Minted is a premium omnichannel design brand, selling stationery, art, and home decor designed by independent artists and designers. The company sources art and design from a community of more than 20,000 independent artists from around the world. Minted offers artists two business models for selling their goods - one in which Minted handles manufacturing and fulfillment and a second where the artists handle manufacturing and fulfillment. Minted is headquartered in San Francisco, California and is led by Co-Founder and CEO, Melissa Kim.

==History==
Minted was founded in April 2007 by Mariam Naficy to sell high-end lines of stationery and adopted a crowdsourcing model when it realized that designs by independent artists were outselling those of established brands. Minted has raised more than $300 million from investors, including T. Rowe Price, Permira, Norwest Venture Partners, Technology Crossover Ventures, Benchmark Capital, Ridge Ventures.
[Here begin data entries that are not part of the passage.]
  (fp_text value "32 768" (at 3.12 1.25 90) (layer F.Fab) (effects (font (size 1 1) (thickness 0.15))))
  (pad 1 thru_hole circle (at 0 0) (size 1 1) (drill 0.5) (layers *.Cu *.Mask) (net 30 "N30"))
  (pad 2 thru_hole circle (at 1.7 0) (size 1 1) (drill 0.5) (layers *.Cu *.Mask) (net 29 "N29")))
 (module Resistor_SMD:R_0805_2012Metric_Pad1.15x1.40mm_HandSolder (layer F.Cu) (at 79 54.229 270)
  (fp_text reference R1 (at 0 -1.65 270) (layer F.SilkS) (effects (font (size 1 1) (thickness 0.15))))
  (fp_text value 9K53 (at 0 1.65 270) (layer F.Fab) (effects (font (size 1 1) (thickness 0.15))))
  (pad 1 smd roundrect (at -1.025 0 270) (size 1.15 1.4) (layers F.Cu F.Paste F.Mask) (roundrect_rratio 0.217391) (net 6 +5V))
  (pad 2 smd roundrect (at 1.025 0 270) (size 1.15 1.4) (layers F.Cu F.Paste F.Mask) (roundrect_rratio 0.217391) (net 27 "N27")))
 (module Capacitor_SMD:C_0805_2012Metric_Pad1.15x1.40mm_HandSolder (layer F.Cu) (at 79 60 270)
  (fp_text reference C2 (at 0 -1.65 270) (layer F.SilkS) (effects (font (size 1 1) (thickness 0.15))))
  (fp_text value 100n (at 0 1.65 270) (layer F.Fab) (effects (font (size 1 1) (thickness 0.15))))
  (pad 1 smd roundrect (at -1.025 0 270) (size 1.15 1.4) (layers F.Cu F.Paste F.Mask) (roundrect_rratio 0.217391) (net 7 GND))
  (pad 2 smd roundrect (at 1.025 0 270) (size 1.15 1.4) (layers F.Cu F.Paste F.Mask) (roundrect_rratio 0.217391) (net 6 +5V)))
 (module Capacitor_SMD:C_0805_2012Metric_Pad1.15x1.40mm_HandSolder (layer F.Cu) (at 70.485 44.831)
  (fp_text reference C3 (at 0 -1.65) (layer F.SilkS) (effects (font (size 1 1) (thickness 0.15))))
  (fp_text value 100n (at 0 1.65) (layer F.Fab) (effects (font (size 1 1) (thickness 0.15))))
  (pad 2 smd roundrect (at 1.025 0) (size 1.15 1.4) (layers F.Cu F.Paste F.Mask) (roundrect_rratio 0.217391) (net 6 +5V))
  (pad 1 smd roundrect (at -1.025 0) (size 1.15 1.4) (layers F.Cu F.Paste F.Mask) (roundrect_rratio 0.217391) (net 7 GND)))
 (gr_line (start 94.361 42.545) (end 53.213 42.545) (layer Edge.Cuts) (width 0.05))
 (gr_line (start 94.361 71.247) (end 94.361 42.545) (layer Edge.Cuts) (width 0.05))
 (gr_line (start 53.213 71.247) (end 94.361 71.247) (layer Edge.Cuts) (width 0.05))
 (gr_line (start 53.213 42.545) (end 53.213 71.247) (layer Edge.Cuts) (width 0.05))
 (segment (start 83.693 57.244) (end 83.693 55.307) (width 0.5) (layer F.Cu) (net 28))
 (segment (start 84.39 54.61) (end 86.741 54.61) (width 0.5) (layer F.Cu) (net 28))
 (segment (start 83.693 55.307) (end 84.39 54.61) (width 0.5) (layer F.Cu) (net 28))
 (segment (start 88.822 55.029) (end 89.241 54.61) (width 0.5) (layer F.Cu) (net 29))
Angel investors include former Yahoo CEO Marissa Mayer, Yelp CEO Jeremy Stoppelman, and Eventbrite founders Kevin and Julia Hartz.

In 2012, Minted expanded outside of its core stationery market by launching wall art.

In 2017, Minted launched wholesale, with national retail partners including Target, West Elm, and Pottery Barn Kids.

In 2021, Minted introduced a third-party marketplace model, where artists manufacture and fulfill their own products, including ceramics, original art, textiles, and specialty stationery.

In 2025, Minted expanded its wholesale business, launching nationwide at Whole Foods Market, launching gift packaging nationwide at Target, and launching at H-E-B.

==Crowdsourcing==
Minted holds regular design challenges that are open to artists and designers. Thousands of independent artists participate in the challenges. More than 2,000 designs are submitted by artists to Minted every week.

Visitors to the website vote on the design submissions to help choose the winning designs that will be sold on the website. Minted's predictive voting algorithms use consumer votes to predict which of the thousands of submissions from the contest will be future bestsellers.

Winning artists are paid a cash prize and earn an ongoing commission on sales of their designs.

==Awards==
In October 2014, Minted was named #5 on LinkedIn's 10 Bay Area startups that are most in demand by local techies.